== Data in this exercise ==
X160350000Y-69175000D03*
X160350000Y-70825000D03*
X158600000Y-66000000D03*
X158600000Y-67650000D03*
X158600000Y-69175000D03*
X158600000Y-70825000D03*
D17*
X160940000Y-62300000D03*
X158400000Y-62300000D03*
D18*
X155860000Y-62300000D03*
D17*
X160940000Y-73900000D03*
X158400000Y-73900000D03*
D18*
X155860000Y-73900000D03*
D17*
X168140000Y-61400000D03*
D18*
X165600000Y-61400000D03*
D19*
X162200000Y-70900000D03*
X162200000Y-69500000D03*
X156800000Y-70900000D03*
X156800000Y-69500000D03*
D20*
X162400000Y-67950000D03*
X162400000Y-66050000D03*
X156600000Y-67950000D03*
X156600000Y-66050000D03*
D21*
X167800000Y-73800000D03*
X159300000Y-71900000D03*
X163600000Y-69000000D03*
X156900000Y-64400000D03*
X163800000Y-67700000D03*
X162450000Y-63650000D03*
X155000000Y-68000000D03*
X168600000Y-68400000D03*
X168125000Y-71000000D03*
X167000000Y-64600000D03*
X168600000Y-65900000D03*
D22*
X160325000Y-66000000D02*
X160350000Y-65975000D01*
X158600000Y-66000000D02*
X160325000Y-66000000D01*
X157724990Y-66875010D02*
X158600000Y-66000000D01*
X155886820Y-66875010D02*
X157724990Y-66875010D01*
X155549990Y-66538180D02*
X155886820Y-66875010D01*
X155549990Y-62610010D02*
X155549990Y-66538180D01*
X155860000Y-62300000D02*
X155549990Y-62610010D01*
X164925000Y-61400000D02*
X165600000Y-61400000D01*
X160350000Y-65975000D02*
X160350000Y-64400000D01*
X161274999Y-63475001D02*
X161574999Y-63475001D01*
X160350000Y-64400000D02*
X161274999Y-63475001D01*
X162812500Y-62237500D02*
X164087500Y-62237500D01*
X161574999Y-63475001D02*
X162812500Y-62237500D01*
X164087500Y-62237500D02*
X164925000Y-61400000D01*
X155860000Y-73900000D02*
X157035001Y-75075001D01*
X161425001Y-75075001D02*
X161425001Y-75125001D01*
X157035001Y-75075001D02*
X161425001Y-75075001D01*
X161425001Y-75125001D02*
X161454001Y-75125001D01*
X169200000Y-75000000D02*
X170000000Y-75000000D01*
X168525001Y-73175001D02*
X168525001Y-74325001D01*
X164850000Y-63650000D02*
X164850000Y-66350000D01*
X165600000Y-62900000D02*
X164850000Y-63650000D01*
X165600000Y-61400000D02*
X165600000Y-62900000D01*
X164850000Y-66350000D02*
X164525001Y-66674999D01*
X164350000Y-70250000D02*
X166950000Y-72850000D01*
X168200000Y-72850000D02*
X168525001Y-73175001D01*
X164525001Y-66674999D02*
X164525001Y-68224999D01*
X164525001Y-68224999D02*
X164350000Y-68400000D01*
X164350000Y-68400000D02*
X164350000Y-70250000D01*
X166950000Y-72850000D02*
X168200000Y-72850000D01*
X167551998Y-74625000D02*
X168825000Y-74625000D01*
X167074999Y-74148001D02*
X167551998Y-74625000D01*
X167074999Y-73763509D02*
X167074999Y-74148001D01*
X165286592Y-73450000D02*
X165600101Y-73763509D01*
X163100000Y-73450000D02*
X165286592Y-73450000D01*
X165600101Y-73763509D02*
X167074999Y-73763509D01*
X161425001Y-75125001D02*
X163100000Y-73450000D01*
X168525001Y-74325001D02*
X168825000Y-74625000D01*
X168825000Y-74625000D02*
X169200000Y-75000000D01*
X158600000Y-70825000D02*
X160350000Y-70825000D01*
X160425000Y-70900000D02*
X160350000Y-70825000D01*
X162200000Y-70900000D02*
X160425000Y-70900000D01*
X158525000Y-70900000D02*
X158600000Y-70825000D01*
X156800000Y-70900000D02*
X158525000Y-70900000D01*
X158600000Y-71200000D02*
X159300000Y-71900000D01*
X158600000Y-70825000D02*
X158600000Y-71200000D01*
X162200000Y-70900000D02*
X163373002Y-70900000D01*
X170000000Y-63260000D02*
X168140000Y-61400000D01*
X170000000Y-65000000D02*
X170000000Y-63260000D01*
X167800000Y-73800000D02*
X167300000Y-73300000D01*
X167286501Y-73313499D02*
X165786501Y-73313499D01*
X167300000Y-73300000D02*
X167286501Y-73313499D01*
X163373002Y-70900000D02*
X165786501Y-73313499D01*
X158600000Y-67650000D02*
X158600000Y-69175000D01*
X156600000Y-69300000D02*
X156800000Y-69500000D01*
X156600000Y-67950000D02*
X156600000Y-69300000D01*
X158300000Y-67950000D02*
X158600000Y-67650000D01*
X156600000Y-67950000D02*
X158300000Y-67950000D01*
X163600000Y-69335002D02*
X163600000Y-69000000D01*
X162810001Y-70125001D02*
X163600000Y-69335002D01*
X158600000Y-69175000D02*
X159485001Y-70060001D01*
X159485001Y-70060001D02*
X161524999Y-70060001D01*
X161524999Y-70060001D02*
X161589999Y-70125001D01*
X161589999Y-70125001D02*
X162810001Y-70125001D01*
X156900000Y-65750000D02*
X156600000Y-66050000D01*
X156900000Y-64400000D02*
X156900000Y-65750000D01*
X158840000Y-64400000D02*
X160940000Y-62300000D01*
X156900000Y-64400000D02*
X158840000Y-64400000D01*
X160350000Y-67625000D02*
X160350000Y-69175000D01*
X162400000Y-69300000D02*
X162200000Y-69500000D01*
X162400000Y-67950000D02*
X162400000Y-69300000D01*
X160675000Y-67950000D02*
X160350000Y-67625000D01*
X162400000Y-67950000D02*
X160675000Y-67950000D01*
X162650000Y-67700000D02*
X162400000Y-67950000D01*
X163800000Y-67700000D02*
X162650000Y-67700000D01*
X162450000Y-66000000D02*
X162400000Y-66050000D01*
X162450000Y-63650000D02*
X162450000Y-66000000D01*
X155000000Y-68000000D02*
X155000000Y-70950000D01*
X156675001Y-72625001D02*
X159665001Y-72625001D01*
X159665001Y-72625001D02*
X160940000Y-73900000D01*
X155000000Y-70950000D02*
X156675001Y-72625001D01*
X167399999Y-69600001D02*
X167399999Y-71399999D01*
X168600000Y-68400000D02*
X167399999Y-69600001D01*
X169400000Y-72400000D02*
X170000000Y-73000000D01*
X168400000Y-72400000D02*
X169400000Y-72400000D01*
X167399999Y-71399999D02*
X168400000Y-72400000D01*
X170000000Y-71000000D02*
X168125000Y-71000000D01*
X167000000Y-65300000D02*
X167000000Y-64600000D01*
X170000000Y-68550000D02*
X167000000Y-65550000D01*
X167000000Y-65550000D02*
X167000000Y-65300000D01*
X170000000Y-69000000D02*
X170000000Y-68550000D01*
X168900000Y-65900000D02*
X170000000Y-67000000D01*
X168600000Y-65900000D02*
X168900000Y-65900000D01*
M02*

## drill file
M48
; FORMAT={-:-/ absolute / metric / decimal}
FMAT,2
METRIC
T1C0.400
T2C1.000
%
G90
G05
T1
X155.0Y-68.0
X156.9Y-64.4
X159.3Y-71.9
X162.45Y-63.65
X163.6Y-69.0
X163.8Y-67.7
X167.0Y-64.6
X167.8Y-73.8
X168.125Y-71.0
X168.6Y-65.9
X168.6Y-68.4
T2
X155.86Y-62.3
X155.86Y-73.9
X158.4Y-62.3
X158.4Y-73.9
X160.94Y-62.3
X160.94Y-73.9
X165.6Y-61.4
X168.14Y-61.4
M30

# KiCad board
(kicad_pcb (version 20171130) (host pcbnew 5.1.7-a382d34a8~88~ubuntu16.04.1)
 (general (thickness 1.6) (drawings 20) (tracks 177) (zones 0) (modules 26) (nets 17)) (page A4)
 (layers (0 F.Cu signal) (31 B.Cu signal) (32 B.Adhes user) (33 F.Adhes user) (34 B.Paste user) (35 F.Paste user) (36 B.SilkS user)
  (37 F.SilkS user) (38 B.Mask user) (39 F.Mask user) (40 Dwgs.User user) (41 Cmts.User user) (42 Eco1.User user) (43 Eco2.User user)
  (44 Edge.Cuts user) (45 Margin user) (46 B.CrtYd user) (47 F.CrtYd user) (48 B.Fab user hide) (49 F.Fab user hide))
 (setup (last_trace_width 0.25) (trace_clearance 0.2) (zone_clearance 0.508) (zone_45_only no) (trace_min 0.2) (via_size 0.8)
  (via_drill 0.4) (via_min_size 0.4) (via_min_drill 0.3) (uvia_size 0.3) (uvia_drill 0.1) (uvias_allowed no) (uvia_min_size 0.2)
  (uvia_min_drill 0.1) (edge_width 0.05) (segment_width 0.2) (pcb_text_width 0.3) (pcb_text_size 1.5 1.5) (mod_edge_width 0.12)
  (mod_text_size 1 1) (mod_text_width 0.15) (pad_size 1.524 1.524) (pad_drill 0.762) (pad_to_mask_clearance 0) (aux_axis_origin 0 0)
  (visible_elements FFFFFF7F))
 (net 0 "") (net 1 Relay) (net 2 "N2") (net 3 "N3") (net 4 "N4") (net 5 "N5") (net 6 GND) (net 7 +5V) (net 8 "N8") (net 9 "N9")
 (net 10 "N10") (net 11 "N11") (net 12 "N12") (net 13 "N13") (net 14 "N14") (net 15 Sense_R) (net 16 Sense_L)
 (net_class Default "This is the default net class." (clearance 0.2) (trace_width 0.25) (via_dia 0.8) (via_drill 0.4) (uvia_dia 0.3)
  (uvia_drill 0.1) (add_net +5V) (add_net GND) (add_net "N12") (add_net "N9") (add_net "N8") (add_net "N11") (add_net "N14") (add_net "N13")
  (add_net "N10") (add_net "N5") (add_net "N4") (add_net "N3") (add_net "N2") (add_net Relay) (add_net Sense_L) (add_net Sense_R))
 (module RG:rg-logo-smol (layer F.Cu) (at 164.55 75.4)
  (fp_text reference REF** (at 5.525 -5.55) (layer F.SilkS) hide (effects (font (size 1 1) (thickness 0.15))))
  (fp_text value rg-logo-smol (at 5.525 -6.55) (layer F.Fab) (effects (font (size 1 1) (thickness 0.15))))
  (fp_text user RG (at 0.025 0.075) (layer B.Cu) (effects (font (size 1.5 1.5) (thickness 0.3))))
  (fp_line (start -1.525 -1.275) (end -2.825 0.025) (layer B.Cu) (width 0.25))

== Directions ==
Please reproduce, exactly as they appear above, the lines from the line containing "X168125000Y-71000000D03*" up to and including the line containing "X157724990Y-66875010D01*".

== Reply ==
X168125000Y-71000000D03*
X167000000Y-64600000D03*
X168600000Y-65900000D03*
D22*
X160325000Y-66000000D02*
X160350000Y-65975000D01*
X158600000Y-66000000D02*
X160325000Y-66000000D01*
X157724990Y-66875010D02*
X158600000Y-66000000D01*
X155886820Y-66875010D02*
X157724990Y-66875010D01*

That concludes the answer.